Task description:
Could you set down exactly the lines of the data below, starting at the one that holds "X112349998Y-126102138D01*" and ending at the one that holds "X123853425Y-129999500D01*", both included, and only those?

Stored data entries
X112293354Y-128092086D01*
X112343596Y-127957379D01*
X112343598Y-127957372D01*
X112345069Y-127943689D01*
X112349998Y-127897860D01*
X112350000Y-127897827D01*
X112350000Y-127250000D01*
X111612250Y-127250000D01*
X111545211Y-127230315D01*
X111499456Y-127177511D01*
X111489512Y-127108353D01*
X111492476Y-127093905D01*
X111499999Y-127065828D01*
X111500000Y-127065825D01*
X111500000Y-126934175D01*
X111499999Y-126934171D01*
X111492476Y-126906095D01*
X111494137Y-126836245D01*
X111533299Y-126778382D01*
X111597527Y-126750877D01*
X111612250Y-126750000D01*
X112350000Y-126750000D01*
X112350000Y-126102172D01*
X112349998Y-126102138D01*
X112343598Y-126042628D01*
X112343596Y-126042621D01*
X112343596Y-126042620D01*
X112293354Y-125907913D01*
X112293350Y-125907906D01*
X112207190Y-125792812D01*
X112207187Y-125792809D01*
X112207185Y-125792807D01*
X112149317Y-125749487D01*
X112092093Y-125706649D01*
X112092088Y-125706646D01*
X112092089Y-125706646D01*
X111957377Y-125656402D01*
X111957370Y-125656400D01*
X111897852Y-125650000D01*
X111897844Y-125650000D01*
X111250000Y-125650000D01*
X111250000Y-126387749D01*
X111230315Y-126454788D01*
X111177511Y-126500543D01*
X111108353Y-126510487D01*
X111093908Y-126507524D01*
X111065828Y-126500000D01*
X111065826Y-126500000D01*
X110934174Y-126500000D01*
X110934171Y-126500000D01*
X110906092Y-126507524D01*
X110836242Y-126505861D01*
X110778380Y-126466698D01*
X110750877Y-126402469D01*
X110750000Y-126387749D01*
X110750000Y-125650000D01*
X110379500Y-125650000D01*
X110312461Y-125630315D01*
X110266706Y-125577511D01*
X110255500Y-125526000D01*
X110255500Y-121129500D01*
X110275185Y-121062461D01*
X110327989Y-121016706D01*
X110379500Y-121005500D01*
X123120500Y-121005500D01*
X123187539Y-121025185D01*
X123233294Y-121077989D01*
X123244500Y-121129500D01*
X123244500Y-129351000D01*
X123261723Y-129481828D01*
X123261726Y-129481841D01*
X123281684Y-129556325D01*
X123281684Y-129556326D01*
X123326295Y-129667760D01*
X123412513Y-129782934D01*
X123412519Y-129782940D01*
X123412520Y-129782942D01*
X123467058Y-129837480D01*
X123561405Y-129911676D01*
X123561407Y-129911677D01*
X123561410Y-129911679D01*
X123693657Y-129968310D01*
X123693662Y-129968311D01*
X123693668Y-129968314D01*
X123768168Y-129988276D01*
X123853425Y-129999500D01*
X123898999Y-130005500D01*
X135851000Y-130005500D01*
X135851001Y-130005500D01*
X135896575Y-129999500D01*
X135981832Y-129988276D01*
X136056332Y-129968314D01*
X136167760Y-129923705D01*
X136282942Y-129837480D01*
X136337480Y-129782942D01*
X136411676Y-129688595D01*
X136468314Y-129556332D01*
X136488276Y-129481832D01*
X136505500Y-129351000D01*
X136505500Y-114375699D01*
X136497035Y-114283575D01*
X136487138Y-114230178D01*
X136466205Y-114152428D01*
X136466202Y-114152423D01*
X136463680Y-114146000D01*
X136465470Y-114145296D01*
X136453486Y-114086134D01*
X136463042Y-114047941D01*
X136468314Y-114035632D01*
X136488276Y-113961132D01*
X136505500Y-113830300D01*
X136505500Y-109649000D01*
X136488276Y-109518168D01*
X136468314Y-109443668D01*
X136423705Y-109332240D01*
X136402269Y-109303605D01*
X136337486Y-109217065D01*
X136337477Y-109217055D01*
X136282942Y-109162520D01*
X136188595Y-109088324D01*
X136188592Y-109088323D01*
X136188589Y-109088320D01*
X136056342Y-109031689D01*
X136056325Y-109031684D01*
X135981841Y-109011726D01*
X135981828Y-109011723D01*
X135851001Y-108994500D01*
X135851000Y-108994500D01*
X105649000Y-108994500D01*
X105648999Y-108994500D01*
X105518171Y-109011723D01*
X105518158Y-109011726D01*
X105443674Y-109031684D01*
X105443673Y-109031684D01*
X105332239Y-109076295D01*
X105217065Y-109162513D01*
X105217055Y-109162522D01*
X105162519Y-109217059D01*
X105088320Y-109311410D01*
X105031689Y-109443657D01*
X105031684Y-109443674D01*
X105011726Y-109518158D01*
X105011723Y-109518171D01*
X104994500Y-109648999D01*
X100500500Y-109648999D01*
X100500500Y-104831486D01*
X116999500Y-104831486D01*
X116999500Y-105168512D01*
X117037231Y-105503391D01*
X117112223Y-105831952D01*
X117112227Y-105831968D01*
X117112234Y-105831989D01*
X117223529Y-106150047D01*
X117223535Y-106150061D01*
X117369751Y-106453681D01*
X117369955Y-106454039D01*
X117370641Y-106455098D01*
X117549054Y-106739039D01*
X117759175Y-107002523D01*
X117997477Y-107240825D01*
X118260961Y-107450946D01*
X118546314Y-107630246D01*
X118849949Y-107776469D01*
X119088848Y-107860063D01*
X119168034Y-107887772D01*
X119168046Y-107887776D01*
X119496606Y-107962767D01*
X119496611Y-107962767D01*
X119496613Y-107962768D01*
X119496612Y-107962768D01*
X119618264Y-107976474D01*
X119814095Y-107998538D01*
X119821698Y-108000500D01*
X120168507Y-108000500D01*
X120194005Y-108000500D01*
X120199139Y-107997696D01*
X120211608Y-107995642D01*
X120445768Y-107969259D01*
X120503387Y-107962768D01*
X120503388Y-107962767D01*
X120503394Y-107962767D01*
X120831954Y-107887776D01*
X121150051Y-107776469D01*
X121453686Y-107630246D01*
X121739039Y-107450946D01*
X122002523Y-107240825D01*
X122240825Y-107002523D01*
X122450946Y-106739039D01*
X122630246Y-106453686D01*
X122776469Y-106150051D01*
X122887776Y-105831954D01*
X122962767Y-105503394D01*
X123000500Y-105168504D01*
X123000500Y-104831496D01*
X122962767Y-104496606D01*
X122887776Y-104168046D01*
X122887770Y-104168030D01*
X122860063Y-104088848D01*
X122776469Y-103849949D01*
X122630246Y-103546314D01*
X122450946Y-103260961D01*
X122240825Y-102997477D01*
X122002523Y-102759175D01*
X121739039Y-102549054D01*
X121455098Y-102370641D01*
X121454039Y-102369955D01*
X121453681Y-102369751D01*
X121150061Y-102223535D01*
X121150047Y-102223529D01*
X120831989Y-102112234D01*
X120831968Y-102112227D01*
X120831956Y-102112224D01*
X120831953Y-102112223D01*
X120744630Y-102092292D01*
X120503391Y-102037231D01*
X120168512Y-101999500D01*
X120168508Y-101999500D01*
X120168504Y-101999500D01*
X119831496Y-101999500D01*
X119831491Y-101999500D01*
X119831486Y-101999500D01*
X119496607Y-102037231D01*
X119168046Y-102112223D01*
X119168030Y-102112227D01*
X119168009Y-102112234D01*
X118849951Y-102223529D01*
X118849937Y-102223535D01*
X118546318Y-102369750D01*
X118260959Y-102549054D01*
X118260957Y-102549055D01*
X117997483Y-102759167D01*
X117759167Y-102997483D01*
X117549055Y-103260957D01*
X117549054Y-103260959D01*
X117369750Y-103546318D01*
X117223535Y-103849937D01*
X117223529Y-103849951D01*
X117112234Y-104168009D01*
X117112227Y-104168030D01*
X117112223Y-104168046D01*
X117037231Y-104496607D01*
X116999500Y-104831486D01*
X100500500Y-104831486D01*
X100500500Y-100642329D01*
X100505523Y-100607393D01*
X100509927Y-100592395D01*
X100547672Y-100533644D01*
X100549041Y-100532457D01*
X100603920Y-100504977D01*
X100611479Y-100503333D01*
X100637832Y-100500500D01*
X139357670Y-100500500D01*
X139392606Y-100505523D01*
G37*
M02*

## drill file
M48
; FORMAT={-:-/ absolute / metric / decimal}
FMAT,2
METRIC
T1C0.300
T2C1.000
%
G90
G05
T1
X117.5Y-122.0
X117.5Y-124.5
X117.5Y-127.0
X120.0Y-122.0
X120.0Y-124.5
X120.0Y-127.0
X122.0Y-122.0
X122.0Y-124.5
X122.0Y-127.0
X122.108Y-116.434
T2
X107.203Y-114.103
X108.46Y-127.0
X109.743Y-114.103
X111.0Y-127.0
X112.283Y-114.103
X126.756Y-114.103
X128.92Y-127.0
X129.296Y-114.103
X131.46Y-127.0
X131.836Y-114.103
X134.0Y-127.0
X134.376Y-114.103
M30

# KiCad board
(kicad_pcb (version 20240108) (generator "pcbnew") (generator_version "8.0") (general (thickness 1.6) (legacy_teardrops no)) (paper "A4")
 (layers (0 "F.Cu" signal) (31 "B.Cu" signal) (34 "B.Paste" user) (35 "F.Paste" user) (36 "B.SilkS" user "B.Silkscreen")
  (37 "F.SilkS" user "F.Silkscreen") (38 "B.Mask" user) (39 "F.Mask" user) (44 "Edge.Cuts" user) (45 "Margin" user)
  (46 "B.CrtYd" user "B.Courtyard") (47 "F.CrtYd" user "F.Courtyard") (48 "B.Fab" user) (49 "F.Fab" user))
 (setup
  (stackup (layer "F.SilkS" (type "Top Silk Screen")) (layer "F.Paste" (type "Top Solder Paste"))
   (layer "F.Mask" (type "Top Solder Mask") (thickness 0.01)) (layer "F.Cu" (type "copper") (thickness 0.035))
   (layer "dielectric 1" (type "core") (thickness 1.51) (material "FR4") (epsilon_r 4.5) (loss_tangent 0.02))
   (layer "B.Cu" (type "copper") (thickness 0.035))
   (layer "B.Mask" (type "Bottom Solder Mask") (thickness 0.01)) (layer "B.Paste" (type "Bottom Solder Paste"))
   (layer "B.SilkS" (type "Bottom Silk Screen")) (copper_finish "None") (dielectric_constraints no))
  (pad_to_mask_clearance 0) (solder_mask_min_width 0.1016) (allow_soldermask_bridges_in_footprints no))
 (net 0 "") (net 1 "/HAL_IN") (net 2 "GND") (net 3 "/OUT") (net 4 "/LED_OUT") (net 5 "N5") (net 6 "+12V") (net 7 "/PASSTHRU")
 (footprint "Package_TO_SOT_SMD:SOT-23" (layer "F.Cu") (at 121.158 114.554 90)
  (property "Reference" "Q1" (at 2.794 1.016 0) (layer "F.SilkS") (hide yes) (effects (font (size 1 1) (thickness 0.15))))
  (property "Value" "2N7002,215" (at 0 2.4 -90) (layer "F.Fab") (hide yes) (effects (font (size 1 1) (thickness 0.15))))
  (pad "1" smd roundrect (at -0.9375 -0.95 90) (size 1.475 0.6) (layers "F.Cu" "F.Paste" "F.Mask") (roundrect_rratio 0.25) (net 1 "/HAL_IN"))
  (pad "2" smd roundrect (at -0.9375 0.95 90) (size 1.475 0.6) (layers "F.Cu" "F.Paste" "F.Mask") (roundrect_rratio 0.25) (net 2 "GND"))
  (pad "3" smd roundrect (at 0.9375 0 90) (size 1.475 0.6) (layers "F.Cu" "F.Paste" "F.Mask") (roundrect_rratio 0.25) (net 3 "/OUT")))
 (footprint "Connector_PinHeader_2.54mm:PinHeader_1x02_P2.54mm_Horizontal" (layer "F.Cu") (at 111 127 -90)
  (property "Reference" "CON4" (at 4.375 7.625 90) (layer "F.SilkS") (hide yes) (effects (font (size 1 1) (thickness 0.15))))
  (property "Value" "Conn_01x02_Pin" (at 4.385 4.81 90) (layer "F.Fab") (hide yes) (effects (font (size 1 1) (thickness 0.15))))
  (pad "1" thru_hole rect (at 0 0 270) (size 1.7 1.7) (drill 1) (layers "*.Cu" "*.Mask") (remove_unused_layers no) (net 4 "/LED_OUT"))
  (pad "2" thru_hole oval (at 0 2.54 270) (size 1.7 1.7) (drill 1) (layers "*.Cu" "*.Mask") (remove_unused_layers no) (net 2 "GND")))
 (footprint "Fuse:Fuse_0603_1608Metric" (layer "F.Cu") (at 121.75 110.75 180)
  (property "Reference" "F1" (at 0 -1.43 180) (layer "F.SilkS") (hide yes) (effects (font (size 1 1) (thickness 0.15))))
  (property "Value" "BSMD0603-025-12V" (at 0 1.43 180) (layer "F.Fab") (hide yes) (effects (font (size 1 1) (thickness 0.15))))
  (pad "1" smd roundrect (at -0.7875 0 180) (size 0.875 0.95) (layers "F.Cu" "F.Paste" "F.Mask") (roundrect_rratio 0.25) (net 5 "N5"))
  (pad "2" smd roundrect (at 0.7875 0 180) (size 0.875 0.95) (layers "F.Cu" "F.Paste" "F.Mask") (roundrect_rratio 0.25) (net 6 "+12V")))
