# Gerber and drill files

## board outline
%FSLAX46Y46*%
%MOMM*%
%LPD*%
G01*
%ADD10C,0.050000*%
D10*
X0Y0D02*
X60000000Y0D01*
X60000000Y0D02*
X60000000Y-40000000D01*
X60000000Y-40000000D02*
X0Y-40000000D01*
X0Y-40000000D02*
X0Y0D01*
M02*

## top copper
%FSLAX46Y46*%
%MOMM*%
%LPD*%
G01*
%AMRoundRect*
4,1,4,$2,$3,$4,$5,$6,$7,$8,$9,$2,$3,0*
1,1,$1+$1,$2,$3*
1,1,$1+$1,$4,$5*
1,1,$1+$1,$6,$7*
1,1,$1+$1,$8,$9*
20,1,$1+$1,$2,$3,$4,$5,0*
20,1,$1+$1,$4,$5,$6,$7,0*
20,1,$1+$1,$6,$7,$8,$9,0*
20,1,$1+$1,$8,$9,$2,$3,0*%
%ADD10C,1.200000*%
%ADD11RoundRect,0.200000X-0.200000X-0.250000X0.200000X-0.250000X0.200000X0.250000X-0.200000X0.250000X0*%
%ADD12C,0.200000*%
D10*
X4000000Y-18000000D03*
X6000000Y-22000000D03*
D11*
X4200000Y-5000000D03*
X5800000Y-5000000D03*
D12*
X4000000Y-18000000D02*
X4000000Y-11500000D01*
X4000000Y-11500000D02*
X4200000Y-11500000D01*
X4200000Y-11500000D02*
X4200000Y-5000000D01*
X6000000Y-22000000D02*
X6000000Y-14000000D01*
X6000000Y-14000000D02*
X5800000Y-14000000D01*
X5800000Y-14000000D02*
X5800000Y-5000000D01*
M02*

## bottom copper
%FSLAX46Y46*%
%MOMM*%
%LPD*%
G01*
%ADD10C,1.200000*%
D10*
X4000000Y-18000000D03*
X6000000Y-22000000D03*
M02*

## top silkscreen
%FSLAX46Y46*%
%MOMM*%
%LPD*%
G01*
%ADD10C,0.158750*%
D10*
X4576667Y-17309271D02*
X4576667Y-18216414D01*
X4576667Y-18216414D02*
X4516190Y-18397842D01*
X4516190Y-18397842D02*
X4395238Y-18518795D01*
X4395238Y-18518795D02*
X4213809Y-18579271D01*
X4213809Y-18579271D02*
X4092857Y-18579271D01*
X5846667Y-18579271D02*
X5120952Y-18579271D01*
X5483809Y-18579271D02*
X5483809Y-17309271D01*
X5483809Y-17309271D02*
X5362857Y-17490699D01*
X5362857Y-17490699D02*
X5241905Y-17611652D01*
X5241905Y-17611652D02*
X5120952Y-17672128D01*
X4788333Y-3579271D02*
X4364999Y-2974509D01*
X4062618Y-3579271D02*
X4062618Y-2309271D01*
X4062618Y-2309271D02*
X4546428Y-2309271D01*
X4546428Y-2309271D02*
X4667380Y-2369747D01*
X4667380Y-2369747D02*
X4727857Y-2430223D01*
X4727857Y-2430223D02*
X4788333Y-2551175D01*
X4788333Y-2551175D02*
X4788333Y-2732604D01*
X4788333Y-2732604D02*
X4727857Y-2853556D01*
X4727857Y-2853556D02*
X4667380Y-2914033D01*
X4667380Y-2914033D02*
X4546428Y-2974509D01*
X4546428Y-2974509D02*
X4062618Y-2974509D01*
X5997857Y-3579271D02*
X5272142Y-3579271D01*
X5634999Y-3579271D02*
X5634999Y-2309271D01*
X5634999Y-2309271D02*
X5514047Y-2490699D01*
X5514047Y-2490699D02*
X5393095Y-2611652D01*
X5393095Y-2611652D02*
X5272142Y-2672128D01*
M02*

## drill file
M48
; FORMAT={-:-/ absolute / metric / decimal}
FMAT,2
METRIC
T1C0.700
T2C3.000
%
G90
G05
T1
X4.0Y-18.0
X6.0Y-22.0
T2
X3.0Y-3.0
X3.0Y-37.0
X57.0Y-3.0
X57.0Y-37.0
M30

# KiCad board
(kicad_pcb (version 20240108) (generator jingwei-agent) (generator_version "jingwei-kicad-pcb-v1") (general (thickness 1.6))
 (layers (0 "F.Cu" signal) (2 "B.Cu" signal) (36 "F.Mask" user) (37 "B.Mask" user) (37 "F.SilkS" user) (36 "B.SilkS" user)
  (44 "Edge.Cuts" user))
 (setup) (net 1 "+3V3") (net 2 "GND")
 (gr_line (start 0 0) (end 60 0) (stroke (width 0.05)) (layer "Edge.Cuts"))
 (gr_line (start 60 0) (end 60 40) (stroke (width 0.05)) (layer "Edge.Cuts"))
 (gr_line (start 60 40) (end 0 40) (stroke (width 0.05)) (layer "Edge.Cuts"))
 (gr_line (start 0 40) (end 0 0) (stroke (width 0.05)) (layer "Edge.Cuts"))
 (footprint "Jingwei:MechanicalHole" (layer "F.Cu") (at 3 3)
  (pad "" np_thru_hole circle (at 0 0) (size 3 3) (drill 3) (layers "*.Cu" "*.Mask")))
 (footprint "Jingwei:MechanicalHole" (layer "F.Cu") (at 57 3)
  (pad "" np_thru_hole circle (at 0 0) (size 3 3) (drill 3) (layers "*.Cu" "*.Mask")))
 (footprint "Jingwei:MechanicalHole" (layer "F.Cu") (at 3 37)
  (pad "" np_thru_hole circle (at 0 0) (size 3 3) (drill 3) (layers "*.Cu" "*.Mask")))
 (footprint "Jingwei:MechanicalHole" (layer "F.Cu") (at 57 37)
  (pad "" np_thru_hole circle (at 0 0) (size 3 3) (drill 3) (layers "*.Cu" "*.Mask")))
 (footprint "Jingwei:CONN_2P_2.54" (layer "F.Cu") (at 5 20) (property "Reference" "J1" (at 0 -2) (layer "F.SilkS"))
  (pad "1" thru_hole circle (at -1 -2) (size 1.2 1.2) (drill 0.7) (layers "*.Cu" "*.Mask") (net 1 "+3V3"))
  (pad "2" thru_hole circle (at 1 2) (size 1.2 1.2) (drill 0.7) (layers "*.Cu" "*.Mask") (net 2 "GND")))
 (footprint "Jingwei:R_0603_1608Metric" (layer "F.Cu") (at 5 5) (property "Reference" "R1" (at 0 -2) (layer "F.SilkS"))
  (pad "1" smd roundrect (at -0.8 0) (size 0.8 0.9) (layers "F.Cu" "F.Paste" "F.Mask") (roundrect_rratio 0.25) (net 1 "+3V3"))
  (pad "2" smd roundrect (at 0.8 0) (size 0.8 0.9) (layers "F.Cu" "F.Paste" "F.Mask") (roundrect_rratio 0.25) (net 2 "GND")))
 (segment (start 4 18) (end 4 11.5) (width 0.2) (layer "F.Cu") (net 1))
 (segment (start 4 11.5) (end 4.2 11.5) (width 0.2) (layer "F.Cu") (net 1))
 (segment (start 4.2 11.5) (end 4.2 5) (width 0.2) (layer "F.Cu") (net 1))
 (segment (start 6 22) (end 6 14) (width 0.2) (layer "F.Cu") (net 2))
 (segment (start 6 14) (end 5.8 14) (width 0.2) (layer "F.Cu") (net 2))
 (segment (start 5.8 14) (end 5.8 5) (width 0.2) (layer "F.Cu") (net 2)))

Solution to this exercise:
X112349998Y-126102138D01*
X112343598Y-126042628D01*
X112343596Y-126042621D01*
X112343596Y-126042620D01*
X112293354Y-125907913D01*
X112293350Y-125907906D01*
X112207190Y-125792812D01*
X112207187Y-125792809D01*
X112207185Y-125792807D01*
X112149317Y-125749487D01*
X112092093Y-125706649D01*
X112092088Y-125706646D01*
X112092089Y-125706646D01*
X111957377Y-125656402D01*
X111957370Y-125656400D01*
X111897852Y-125650000D01*
X111897844Y-125650000D01*
X111250000Y-125650000D01*
X111250000Y-126387749D01*
X111230315Y-126454788D01*
X111177511Y-126500543D01*
X111108353Y-126510487D01*
X111093908Y-126507524D01*
X111065828Y-126500000D01*
X111065826Y-126500000D01*
X110934174Y-126500000D01*
X110934171Y-126500000D01*
X110906092Y-126507524D01*
X110836242Y-126505861D01*
X110778380Y-126466698D01*
X110750877Y-126402469D01*
X110750000Y-126387749D01*
X110750000Y-125650000D01*
X110379500Y-125650000D01*
X110312461Y-125630315D01*
X110266706Y-125577511D01*
X110255500Y-125526000D01*
X110255500Y-121129500D01*
X110275185Y-121062461D01*
X110327989Y-121016706D01*
X110379500Y-121005500D01*
X123120500Y-121005500D01*
X123187539Y-121025185D01*
X123233294Y-121077989D01*
X123244500Y-121129500D01*
X123244500Y-129351000D01*
X123261723Y-129481828D01*
X123261726Y-129481841D01*
X123281684Y-129556325D01*
X123281684Y-129556326D01*
X123326295Y-129667760D01*
X123412513Y-129782934D01*
X123412519Y-129782940D01*
X123412520Y-129782942D01*
X123467058Y-129837480D01*
X123561405Y-129911676D01*
X123561407Y-129911677D01*
X123561410Y-129911679D01*
X123693657Y-129968310D01*
X123693662Y-129968311D01*
X123693668Y-129968314D01*
X123768168Y-129988276D01*
X123853425Y-129999500D01*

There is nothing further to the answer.